Very smart to consult a trainer. Good luck with it and let us know what they said. It will help others who combine puppies and small children.


----------



## Tinman (Apr 23, 2013)

alexdo said:


> Hopefully the trainer will be able to help. She is coming for 90 minutes to the house to see exactly what is going on!


It sounds like super nanny! 
Ralph recently had a tendency to bite Billy's feet (billy is my 4 year old son) - but billy did keep kind of putting his feet there when Ralph was sleeping  despite been told not to on many occasions. 
When this happened Ralph was told no and put straight in the crate for 10 minutes (billy was also told no!! By this time he was crying cause Ralph had bit him - sounds worse than it was, Ralph just made more of a warning growl and air snap) 
This has now stopped, thankfully on both sides.
But ruby who is still only a puppy & Ralph see billy as a play thing, and will completely knock him over when he comes in from school and jump all over him, he thinks it's funny sometimes - but if he's not in the mood it's not much fun for him.
Please share some of superpuppynannys tips x


----------



## DB1 (Jan 20, 2012)

I think 4 is a good age for her to start helping (not fully responsible) with training, feeding etc, I look after a little girl who is 3, she is great with Dudley (she was the only one that wasn't bothered about his nippy stage either and she was under 2 then!), she will ask him to sit for treats and put him in his crate before we go out, in fact he shows her more respect than he does my 13 year old son as he spends loads of his time laying on the floor letting Dudley lick him all over, whereas she will tell him off for licking her, she ignores him a lot of the time then gives him huge cuddles when she wants to, I think she would be a perfect dog trainer when she grows up!! I do think it maybe more of a case of trying to train your daughter! however during the nippy stage I did separate Dudley a lot of the time leaving him in the hall behind a babygate.
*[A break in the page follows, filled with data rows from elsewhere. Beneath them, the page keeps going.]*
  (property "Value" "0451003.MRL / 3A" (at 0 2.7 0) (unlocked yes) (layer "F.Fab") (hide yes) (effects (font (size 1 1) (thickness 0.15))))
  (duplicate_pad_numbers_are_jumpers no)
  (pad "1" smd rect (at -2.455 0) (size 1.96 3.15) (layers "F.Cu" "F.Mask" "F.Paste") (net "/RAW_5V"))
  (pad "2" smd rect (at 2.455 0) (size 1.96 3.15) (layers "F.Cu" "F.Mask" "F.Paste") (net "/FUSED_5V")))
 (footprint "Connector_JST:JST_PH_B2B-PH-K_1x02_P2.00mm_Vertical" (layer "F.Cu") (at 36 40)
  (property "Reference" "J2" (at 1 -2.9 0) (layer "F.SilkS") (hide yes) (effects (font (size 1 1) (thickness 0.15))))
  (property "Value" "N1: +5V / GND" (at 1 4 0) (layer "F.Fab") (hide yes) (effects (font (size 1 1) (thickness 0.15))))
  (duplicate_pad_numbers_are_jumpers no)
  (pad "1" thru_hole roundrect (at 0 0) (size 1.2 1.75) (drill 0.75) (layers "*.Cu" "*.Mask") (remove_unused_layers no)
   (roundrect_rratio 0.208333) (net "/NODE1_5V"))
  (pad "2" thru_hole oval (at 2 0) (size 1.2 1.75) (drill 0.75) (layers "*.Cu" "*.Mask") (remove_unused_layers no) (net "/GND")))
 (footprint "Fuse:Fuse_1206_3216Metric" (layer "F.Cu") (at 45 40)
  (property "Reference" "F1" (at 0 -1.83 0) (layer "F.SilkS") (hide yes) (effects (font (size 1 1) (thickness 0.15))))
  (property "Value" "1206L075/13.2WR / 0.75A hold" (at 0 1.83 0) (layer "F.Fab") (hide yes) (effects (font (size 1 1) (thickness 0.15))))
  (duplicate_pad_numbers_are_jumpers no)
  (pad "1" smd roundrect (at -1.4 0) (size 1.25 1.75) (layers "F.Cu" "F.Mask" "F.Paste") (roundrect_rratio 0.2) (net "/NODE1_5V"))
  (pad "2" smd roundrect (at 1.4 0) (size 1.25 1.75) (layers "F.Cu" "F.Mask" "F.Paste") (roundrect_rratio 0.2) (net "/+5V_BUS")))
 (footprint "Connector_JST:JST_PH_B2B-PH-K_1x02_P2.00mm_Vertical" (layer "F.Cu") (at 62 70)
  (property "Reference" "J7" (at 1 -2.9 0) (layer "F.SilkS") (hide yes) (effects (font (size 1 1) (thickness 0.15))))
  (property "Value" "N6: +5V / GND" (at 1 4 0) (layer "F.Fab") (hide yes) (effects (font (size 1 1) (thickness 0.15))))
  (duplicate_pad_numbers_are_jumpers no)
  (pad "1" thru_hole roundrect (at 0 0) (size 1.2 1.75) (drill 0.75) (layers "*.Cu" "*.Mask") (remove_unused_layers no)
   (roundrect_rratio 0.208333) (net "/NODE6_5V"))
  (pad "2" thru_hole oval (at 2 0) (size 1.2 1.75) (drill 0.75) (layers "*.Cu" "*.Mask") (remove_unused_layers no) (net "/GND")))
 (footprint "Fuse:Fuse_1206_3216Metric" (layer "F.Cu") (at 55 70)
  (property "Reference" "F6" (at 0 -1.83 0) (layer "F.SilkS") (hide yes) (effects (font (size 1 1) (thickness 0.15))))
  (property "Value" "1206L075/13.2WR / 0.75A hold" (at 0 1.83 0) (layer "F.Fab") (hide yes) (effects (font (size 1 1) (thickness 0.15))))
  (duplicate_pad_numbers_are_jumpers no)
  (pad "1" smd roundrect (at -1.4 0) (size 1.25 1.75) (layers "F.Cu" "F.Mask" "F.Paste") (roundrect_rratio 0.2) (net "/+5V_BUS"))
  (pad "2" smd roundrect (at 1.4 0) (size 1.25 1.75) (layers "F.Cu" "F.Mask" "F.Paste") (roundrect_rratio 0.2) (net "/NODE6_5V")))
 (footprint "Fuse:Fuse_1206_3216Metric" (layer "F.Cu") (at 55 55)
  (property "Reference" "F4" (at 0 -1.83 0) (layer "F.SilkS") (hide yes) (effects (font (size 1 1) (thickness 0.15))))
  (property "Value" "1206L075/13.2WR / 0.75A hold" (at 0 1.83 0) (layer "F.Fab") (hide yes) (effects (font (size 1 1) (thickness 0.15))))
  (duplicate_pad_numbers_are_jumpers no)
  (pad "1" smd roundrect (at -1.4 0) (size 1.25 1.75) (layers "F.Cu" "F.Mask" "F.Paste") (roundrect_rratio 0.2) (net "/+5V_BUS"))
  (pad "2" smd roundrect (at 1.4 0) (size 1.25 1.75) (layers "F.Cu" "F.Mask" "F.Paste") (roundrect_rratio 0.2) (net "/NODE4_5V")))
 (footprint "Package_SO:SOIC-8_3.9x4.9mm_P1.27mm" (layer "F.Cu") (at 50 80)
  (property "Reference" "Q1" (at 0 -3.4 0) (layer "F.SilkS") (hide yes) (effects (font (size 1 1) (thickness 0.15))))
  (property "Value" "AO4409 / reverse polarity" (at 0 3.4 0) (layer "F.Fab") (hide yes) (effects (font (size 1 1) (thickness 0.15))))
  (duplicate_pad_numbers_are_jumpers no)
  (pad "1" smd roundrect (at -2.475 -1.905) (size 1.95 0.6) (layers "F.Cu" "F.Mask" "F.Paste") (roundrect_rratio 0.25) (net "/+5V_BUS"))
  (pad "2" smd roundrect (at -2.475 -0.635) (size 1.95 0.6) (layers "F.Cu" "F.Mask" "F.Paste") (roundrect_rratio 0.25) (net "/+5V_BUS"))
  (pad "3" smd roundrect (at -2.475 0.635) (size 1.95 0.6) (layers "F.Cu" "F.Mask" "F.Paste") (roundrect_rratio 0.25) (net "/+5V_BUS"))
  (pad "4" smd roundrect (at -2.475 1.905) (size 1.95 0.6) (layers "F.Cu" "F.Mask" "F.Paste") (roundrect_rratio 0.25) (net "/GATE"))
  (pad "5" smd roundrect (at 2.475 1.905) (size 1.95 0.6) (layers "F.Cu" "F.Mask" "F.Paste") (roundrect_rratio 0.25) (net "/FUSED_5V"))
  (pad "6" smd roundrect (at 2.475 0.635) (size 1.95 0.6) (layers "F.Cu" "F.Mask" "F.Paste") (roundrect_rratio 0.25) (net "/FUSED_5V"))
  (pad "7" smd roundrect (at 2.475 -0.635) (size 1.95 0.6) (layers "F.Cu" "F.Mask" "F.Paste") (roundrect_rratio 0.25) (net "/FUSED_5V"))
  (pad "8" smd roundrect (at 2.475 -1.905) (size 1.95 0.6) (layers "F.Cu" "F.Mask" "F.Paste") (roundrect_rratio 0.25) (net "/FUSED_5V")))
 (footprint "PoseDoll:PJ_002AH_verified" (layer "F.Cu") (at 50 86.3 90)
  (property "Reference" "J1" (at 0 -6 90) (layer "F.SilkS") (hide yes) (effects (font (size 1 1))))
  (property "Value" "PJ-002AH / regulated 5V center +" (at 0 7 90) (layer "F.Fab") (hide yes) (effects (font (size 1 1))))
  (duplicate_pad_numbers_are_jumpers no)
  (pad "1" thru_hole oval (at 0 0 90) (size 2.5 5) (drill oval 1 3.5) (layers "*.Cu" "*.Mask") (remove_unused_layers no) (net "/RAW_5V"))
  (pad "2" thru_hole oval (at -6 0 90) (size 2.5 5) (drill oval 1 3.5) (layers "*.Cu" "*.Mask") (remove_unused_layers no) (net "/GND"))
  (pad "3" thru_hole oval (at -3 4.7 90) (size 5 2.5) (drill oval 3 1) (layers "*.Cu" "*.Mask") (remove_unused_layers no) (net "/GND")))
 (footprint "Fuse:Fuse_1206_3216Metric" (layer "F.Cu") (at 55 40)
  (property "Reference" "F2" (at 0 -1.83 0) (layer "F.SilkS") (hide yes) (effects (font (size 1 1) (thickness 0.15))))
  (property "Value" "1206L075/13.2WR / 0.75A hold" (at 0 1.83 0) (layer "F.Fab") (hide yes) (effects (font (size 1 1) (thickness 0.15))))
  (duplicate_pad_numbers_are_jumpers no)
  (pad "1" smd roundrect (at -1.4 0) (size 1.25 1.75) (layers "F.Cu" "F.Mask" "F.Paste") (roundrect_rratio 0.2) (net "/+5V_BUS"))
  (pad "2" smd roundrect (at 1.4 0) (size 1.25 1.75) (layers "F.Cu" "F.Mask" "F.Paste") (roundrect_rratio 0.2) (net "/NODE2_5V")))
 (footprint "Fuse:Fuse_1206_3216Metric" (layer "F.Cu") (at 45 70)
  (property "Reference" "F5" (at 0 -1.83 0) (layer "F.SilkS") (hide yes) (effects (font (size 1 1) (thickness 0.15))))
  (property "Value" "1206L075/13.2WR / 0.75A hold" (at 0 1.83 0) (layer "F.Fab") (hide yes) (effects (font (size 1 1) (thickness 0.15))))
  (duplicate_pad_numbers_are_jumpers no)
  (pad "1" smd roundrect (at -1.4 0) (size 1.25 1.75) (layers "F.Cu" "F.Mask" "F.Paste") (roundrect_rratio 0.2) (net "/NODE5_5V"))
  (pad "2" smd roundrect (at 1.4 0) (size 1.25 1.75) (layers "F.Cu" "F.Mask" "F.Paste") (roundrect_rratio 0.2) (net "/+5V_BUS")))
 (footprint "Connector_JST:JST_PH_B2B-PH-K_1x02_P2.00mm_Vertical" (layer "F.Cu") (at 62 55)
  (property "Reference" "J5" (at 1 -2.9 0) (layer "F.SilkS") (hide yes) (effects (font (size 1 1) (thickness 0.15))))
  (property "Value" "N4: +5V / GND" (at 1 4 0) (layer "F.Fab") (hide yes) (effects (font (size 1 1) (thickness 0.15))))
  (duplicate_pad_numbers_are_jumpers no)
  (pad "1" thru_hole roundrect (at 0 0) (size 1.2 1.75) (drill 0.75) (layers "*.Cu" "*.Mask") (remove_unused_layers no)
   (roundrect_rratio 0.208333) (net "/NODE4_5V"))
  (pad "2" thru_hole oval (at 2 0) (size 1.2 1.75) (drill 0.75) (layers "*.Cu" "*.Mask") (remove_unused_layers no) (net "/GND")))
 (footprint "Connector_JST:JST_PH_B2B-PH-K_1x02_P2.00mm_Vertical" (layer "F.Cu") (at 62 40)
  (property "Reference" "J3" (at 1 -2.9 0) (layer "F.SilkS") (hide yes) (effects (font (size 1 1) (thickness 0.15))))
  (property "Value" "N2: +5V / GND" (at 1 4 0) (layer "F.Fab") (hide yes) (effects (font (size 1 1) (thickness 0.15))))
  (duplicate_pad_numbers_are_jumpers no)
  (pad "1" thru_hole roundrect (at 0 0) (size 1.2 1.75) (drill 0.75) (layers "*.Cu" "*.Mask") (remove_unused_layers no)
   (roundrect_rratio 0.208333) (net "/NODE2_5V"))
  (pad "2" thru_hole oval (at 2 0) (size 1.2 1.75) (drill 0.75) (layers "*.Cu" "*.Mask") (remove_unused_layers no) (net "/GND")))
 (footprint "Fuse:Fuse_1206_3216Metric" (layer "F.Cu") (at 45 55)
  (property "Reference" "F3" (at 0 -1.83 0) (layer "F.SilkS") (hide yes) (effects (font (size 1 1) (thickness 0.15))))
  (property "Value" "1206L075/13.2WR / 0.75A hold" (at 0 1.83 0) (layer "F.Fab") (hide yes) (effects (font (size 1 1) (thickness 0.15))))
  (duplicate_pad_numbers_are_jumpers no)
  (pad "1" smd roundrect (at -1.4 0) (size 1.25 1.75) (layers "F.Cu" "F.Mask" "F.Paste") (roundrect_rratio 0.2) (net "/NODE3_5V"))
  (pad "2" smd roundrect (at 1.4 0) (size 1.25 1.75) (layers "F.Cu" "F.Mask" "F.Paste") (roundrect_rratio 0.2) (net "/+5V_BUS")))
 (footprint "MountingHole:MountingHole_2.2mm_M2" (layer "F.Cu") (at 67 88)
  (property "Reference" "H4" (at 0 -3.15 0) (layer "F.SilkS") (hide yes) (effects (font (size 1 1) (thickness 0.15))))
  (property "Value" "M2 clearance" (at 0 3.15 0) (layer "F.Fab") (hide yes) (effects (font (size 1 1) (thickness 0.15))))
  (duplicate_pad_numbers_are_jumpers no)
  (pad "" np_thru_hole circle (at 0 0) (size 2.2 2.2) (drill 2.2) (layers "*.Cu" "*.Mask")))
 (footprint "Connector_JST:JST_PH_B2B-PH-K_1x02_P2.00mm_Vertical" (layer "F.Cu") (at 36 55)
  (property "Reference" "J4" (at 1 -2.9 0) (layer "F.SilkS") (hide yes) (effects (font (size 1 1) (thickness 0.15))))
Good luck.


----------



## Marzi (Sep 17, 2012)

Gates and leads!
Ha! I'm such a control freak 
Your daughter sounds pretty happy with the pup, which is good.
Have to as I am not a fan of walking dogs in parks where there are children's play areas. Sadly too many dog owners do not pick up poop and out of control dogs and children are not a good combination. Also tricky to concentrate on pup and child/children.
If I took the dogs to the park I would keep them on the lead, I would tell the kids that we had to take the dogs for their walk first, so by the time we got to the park they were exercised and empty.
If I see people walking with children, I put my dogs on lead. Sometimes I then let the children hold my dogs leads - they love it, well the kids do


----------



## KGr (Mar 11, 2013)

Hopefully you'll get some good advice from the trainer. 

Pip (now nearly 10months old) used to do this with my eldest (6) but not my youngest (4). I think she used to pick on my eldest more because she got a reaction-tears, squeals, screams etc. It was such a shame cos my eldest had so longed for a puppy & was desperate to play with her without her nipping. The vets nurse advised time out in her crate everytime the play got too giddy/nippy and also getting my daughter more involved in training/feeding etc. This worked really well but even now we sometimes have to put pip in time out when she's having a crazy 5 minutes. 

She always jumps up when the kids come in the room but now they're a bit older they can handle this. Would be good to now how to get her to stop jumping up at strangers though?! 

Good luck


----------



## Kipling krazy (Apr 23, 2013)

Not much to add but Dog Trust talks with children tell them to stand still and do the 'x' factor, i.e arms across the chest so as not to wave,flap and excite the dog more.


----------